*ACTION ITEM*. In the listing below, locate the lines bearing the word "Default". Copy every one of them.

"""

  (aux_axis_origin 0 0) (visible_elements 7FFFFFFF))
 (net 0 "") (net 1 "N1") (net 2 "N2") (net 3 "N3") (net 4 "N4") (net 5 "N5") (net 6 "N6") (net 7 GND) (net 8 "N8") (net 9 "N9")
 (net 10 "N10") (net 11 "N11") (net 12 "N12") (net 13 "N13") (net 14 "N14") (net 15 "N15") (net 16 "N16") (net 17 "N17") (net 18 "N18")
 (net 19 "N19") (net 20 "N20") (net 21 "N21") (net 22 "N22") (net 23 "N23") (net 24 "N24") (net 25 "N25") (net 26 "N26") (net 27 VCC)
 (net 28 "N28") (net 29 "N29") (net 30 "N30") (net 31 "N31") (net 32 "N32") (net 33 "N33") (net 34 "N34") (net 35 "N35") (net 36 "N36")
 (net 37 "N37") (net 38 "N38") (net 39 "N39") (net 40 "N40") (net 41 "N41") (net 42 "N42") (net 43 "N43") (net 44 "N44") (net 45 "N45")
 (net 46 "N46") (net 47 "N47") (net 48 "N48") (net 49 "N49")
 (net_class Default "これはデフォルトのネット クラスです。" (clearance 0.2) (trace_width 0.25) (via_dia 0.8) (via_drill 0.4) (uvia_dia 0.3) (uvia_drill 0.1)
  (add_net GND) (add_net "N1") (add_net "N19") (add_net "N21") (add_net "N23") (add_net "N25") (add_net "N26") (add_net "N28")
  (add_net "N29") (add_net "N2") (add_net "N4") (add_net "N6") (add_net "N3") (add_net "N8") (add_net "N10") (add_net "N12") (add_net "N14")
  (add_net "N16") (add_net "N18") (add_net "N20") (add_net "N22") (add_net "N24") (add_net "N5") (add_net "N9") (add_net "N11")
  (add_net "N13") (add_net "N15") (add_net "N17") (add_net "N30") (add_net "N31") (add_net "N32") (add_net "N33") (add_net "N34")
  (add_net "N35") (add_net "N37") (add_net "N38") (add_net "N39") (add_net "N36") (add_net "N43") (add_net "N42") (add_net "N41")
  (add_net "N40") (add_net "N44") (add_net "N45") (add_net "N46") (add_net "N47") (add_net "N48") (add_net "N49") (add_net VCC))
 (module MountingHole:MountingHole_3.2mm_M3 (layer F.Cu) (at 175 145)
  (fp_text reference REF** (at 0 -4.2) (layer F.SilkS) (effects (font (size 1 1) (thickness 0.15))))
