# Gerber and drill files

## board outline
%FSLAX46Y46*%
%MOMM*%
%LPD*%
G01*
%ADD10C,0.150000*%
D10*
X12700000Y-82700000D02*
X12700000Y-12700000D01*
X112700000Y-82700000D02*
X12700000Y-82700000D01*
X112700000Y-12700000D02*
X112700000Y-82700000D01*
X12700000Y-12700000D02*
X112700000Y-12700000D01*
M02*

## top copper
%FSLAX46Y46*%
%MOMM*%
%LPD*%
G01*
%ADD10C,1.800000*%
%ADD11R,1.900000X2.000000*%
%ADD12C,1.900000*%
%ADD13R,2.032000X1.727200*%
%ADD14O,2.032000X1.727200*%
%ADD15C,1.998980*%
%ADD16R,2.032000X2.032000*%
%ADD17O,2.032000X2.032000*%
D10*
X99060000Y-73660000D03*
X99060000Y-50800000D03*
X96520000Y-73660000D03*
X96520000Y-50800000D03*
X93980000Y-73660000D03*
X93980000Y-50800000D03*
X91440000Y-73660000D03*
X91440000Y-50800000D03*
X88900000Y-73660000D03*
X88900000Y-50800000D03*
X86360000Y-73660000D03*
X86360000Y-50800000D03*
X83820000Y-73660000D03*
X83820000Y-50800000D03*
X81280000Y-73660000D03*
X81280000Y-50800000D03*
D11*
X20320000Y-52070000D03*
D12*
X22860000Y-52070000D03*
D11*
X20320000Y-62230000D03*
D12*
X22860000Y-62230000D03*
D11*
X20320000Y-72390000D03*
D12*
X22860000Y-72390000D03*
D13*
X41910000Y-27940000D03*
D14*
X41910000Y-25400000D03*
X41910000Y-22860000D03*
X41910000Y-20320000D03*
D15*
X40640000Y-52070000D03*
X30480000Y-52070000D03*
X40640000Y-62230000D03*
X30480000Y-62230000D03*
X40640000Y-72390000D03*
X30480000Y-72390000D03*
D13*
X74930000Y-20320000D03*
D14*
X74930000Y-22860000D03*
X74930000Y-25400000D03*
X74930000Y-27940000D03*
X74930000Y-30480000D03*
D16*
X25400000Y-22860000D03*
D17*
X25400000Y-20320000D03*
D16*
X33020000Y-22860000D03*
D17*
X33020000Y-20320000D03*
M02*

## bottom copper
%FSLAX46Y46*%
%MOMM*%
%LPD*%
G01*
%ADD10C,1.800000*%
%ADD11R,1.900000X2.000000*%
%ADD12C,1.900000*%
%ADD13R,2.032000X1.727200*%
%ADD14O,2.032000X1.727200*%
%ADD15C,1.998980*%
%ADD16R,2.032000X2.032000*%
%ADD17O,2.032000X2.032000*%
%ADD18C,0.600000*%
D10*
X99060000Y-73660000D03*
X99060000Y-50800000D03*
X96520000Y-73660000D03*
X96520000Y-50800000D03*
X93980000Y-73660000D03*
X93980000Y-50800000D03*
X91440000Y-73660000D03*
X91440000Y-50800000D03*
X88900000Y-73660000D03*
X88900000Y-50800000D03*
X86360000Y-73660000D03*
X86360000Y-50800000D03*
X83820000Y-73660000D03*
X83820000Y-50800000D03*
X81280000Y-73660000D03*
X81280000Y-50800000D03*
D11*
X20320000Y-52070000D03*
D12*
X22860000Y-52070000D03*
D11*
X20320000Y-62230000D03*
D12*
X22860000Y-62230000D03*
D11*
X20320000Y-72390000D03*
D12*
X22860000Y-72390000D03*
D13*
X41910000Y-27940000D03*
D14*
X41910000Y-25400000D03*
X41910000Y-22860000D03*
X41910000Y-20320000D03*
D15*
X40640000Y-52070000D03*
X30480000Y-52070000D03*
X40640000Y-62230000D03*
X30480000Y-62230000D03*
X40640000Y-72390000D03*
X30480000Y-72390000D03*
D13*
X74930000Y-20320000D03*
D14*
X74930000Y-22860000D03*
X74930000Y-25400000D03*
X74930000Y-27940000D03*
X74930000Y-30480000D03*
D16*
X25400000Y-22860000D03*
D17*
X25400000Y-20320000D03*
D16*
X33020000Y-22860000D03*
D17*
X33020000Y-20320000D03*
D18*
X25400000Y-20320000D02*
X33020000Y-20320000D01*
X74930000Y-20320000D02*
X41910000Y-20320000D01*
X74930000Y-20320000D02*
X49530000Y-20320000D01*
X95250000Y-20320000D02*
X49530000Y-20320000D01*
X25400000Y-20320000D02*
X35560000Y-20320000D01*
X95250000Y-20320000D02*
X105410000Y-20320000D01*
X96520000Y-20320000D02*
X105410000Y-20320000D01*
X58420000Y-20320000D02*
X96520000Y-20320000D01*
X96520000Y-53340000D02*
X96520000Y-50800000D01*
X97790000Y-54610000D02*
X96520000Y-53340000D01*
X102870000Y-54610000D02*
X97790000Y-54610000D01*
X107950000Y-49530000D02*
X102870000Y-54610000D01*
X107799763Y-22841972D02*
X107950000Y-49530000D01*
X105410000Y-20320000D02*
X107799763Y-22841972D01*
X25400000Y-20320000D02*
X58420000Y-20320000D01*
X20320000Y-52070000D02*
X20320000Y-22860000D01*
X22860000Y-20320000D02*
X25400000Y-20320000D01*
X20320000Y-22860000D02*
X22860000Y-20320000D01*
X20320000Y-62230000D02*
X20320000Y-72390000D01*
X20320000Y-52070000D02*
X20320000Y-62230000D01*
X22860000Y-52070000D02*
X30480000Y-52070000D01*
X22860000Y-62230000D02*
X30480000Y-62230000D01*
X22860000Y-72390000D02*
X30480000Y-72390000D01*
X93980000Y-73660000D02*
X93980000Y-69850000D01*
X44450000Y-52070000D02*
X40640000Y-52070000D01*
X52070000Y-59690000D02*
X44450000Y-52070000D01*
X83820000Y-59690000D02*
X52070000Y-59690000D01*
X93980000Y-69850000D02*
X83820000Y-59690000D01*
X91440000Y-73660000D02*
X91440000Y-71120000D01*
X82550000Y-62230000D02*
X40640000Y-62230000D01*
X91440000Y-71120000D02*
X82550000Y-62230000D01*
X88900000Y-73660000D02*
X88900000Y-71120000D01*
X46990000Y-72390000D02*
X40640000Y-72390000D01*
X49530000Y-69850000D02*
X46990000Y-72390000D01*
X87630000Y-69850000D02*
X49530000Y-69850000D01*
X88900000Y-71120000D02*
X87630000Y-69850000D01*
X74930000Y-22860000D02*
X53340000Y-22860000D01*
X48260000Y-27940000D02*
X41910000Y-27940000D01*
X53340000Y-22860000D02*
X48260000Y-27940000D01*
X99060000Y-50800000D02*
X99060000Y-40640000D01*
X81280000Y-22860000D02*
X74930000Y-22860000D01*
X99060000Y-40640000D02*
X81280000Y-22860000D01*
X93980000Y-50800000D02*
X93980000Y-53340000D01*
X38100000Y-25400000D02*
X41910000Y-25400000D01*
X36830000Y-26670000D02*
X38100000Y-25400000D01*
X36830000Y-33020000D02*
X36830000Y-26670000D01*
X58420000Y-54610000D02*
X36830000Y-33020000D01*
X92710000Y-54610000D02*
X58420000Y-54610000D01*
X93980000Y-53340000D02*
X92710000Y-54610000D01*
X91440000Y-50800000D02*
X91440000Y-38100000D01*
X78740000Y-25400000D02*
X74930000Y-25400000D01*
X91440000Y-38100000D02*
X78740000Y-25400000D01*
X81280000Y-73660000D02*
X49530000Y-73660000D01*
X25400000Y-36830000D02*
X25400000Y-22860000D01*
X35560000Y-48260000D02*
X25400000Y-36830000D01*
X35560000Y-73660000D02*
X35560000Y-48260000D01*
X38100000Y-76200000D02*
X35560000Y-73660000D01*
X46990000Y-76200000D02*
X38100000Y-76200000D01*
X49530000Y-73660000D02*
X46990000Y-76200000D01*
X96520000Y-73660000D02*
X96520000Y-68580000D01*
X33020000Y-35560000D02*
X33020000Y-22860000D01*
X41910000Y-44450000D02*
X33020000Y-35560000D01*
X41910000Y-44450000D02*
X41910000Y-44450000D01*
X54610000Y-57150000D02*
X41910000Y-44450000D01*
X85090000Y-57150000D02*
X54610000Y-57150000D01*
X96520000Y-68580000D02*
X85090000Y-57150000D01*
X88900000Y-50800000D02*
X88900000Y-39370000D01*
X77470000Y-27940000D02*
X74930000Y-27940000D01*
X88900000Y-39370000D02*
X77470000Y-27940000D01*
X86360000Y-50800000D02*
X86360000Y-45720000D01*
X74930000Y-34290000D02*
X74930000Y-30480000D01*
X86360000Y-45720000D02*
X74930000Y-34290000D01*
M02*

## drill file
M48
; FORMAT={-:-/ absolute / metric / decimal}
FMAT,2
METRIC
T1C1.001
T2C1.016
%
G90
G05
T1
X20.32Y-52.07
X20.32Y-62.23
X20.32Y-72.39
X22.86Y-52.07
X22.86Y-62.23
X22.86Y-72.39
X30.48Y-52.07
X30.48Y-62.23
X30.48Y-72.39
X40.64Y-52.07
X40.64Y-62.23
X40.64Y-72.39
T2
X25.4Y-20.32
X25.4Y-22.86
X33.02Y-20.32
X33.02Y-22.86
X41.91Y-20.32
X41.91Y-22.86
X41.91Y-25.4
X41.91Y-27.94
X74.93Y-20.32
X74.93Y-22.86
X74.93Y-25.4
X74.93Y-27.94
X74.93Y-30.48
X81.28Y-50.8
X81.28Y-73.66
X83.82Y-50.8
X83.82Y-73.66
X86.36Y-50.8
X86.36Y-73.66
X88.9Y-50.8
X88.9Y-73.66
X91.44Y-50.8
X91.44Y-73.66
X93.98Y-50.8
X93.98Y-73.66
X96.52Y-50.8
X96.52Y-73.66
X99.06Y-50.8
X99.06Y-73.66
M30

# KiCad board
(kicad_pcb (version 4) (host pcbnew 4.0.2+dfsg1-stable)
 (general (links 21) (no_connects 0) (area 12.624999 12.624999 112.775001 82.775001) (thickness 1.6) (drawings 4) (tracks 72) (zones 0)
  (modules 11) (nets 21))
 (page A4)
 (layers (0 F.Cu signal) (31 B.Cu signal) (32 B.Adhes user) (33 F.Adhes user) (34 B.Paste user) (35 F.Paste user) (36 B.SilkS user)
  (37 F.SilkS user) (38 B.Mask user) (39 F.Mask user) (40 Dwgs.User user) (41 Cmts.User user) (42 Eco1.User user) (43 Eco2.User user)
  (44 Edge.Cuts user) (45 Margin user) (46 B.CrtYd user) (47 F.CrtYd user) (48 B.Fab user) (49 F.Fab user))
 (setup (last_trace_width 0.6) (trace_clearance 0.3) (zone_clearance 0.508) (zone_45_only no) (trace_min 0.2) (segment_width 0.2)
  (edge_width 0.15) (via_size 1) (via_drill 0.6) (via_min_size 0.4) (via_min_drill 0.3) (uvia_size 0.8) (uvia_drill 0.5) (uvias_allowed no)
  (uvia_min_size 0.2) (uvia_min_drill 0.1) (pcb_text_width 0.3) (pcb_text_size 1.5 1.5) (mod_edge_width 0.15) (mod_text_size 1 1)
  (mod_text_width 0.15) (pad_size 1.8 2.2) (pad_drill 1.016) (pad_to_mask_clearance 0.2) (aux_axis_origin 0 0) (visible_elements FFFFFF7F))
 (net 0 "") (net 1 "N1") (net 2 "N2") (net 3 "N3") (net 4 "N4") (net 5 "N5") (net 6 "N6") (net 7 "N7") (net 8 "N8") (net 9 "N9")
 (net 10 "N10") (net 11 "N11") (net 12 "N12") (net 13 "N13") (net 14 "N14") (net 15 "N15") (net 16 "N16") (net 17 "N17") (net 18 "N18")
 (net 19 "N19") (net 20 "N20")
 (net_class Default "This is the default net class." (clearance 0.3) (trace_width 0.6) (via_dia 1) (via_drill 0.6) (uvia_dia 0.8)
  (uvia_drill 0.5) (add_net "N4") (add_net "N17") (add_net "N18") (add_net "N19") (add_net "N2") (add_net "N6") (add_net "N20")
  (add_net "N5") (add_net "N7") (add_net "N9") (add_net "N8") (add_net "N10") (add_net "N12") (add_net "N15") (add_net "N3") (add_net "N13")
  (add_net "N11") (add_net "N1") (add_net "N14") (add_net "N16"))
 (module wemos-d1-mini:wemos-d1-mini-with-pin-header (layer F.Cu) (at 90.17 62.23 180)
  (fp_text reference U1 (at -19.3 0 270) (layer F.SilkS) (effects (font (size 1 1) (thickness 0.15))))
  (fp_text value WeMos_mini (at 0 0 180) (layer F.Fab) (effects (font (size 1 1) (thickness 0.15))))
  (pad 16 thru_hole circle (at -8.89 -11.43 180) (size 1.8 1.8) (drill 1.016) (layers *.Cu *.Mask) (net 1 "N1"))
  (pad 1 thru_hole circle (at -8.89 11.43 180) (size 1.8 1.8) (drill 1.016) (layers *.Cu *.Mask) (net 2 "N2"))
  (pad 15 thru_hole circle (at -6.35 -11.43 180) (size 1.8 1.8) (drill 1.016) (layers *.Cu *.Mask) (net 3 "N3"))
  (pad 2 thru_hole circle (at -6.35 11.43 180) (size 1.8 1.8) (drill 1.016) (layers *.Cu *.Mask) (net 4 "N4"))
  (pad 14 thru_hole circle (at -3.81 -11.43 180) (size 1.8 1.8) (drill 1.016) (layers *.Cu *.Mask) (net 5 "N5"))
  (pad 3 thru_hole circle (at -3.81 11.43 180) (size 1.8 1.8) (drill 1.016) (layers *.Cu *.Mask) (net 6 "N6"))
  (pad 13 thru_hole circle (at -1.27 -11.43 180) (size 1.8 1.8) (drill 1.016) (layers *.Cu *.Mask) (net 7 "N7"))
  (pad 4 thru_hole circle (at -1.27 11.43 180) (size 1.8 1.8) (drill 1.016) (layers *.Cu *.Mask) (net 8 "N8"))
  (pad 12 thru_hole circle (at 1.27 -11.43 180) (size 1.8 1.8) (drill 1.016) (layers *.Cu *.Mask) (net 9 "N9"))
  (pad 5 thru_hole circle (at 1.27 11.43 180) (size 1.8 1.8) (drill 1.016) (layers *.Cu *.Mask) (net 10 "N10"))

"""

*THE COMPLETED TASK*.
 (net_class Default "これはデフォルトのネット クラスです。" (clearance 0.2) (trace_width 0.25) (via_dia 0.8) (via_drill 0.4) (uvia_dia 0.3) (uvia_drill 0.1)
 (net_class Default "This is the default net class." (clearance 0.3) (trace_width 0.6) (via_dia 1) (via_drill 0.6) (uvia_dia 0.8)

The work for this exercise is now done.